▸ PROBLEM DESCRIPTION:
Return the run of lines below that opens with the line containing "X120300000Y-126400000D02*" and closes with the line containing "X132.5Y-120.96", keeping each one exact.

▸ Dataset entries:
★ ★ ★ ★

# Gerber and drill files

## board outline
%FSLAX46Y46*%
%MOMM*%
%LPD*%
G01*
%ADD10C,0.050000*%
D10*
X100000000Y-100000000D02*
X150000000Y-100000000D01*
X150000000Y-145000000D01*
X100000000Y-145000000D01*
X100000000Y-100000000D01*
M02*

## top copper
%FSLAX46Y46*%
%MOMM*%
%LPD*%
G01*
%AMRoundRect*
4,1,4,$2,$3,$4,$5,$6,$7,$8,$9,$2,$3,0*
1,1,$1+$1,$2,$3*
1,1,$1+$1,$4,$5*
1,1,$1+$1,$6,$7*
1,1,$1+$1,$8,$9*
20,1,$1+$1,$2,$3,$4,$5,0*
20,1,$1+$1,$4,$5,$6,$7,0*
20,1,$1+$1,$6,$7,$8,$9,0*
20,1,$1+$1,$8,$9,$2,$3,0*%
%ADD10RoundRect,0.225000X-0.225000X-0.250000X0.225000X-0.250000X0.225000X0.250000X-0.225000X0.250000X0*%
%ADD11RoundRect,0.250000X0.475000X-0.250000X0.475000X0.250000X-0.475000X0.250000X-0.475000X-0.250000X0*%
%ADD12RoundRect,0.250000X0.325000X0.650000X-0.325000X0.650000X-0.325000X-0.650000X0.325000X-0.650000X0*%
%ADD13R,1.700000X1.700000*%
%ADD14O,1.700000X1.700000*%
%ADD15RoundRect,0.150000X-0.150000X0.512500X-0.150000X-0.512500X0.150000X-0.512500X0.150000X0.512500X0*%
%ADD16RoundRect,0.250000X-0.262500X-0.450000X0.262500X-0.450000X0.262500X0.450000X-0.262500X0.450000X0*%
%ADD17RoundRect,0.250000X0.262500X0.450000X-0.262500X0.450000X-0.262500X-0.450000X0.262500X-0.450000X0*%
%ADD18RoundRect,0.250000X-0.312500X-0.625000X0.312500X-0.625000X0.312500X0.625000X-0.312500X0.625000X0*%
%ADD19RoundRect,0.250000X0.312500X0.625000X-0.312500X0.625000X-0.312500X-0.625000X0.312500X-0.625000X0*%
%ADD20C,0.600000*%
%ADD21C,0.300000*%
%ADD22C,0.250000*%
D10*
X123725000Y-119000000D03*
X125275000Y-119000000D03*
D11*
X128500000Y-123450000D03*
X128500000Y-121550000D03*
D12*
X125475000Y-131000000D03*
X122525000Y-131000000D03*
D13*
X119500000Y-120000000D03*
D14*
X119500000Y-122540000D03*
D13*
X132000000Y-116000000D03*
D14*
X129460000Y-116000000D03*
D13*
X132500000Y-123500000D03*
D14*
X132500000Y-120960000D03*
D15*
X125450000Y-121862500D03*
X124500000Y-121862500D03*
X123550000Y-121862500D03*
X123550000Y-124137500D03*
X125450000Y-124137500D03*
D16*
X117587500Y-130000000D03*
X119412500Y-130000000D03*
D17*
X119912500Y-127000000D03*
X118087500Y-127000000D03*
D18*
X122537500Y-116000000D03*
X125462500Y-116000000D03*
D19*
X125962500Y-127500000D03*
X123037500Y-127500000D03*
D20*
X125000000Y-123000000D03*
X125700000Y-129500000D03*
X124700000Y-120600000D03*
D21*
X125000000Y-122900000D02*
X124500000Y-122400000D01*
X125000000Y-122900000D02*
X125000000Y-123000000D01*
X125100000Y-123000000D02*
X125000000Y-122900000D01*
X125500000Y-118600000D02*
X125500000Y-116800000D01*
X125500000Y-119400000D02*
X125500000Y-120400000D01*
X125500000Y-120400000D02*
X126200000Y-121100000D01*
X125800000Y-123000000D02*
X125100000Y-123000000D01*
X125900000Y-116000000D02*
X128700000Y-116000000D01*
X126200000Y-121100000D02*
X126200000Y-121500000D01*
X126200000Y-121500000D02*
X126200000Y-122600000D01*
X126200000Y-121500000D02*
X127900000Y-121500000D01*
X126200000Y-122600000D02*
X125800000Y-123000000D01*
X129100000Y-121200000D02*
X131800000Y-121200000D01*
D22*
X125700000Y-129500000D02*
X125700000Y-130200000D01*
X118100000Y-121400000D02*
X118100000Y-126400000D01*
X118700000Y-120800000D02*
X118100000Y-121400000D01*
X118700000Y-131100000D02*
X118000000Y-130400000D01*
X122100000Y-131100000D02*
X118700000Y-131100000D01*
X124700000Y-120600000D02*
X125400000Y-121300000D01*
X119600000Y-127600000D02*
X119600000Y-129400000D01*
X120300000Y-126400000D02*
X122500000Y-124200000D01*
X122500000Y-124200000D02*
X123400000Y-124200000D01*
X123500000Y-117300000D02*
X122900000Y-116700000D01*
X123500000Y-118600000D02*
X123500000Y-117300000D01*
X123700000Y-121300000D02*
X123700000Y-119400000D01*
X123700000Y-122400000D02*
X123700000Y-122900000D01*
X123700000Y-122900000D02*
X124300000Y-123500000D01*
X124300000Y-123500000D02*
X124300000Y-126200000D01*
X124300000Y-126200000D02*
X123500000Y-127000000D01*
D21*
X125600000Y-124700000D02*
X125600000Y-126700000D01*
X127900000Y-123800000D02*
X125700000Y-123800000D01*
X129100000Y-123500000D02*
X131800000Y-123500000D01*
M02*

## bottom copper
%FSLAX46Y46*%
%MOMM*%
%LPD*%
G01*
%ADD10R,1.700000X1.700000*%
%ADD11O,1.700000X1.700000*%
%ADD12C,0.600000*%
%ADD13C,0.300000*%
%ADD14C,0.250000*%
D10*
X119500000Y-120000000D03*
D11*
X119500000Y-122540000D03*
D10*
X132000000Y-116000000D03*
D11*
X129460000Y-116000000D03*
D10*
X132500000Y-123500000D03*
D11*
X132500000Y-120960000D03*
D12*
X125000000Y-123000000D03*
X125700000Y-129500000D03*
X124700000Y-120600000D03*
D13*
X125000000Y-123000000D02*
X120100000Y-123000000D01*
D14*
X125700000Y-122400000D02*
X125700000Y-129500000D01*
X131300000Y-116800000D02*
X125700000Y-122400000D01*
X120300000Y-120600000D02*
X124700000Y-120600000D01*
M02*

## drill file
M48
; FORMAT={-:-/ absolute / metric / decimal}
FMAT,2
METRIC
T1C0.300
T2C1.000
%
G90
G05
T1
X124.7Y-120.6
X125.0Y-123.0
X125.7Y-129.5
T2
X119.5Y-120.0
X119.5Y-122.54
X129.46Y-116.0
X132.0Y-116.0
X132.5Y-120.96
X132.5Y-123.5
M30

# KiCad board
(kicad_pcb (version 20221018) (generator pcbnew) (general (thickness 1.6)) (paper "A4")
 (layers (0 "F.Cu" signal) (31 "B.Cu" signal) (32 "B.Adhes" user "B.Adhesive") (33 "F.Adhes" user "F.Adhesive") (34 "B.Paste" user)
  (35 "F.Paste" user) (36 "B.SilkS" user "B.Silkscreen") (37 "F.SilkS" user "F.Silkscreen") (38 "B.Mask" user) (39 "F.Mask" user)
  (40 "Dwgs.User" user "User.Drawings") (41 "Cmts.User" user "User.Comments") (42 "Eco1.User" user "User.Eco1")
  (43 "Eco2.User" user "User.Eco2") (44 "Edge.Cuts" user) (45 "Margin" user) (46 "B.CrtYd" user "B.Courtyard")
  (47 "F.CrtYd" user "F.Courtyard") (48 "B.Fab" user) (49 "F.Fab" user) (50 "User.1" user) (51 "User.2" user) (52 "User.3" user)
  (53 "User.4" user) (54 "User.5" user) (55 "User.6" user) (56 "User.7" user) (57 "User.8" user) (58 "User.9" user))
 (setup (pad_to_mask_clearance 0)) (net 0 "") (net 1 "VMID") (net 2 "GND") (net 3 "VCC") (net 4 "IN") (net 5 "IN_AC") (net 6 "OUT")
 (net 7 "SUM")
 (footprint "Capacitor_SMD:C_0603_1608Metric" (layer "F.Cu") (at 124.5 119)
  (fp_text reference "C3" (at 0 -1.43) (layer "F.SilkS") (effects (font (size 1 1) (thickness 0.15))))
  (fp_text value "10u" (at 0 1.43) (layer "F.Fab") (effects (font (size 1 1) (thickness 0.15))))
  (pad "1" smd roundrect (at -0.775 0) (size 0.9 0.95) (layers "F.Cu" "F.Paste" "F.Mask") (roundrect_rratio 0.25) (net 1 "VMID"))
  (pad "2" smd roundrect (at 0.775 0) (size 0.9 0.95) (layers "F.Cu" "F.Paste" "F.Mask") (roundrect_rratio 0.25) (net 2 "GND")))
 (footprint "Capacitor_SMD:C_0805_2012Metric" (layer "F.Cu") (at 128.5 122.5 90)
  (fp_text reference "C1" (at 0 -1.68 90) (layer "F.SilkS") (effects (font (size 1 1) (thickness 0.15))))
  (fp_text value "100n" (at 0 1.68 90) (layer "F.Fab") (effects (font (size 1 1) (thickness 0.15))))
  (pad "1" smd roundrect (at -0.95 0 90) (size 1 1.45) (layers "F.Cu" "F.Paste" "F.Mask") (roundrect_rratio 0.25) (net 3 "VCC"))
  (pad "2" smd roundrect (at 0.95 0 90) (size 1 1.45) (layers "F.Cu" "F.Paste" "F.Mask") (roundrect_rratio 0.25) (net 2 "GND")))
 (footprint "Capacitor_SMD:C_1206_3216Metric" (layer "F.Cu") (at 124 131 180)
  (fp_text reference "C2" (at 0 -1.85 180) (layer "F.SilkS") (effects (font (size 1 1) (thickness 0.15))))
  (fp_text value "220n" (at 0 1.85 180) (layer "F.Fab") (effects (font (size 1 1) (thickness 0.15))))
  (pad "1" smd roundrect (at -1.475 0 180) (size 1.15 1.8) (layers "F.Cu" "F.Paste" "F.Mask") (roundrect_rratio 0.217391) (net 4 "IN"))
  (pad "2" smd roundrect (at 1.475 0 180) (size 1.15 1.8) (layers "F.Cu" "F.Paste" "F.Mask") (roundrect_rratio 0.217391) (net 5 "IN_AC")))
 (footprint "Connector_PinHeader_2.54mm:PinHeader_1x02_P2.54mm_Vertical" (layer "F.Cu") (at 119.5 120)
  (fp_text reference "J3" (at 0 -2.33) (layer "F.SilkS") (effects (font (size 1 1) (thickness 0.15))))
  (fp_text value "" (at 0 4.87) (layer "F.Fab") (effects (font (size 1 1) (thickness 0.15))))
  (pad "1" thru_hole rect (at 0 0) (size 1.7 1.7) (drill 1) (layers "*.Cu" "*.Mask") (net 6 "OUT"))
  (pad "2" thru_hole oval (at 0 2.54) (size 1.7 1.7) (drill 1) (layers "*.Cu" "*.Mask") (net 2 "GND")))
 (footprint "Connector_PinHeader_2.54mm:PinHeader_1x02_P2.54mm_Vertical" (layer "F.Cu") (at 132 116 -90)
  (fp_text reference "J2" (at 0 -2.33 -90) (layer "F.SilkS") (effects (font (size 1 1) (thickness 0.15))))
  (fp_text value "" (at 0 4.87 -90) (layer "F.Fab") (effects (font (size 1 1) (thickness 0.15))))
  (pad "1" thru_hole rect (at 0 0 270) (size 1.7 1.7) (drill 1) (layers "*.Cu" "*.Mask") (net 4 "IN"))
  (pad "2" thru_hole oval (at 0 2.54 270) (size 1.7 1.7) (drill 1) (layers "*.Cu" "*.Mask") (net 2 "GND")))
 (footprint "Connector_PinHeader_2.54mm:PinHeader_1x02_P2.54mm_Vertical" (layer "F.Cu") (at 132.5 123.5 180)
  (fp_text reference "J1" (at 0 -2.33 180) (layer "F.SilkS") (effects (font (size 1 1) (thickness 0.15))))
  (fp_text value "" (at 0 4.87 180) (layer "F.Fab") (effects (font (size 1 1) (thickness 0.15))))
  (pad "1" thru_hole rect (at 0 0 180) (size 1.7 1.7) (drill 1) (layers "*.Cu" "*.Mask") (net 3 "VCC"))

★ ★ ★ ★

▸ FINAL ANSWER:
X120300000Y-126400000D02*
X122500000Y-124200000D01*
X122500000Y-124200000D02*
X123400000Y-124200000D01*
X123500000Y-117300000D02*
X122900000Y-116700000D01*
X123500000Y-118600000D02*
X123500000Y-117300000D01*
X123700000Y-121300000D02*
X123700000Y-119400000D01*
X123700000Y-122400000D02*
X123700000Y-122900000D01*
X123700000Y-122900000D02*
X124300000Y-123500000D01*
X124300000Y-123500000D02*
X124300000Y-126200000D01*
X124300000Y-126200000D02*
X123500000Y-127000000D01*
D21*
X125600000Y-124700000D02*
X125600000Y-126700000D01*
X127900000Y-123800000D02*
X125700000Y-123800000D01*
X129100000Y-123500000D02*
X131800000Y-123500000D01*
M02*

## bottom copper
%FSLAX46Y46*%
%MOMM*%
%LPD*%
G01*
%ADD10R,1.700000X1.700000*%
%ADD11O,1.700000X1.700000*%
%ADD12C,0.600000*%
%ADD13C,0.300000*%
%ADD14C,0.250000*%
D10*
X119500000Y-120000000D03*
D11*
X119500000Y-122540000D03*
D10*
X132000000Y-116000000D03*
D11*
X129460000Y-116000000D03*
D10*
X132500000Y-123500000D03*
D11*
X132500000Y-120960000D03*
D12*
X125000000Y-123000000D03*
X125700000Y-129500000D03*
X124700000Y-120600000D03*
D13*
X125000000Y-123000000D02*
X120100000Y-123000000D01*
D14*
X125700000Y-122400000D02*
X125700000Y-129500000D01*
X131300000Y-116800000D02*
X125700000Y-122400000D01*
X120300000Y-120600000D02*
X124700000Y-120600000D01*
M02*

## drill file
M48
; FORMAT={-:-/ absolute / metric / decimal}
FMAT,2
METRIC
T1C0.300
T2C1.000
%
G90
G05
T1
X124.7Y-120.6
X125.0Y-123.0
X125.7Y-129.5
T2
X119.5Y-120.0
X119.5Y-122.54
X129.46Y-116.0
X132.0Y-116.0
X132.5Y-120.96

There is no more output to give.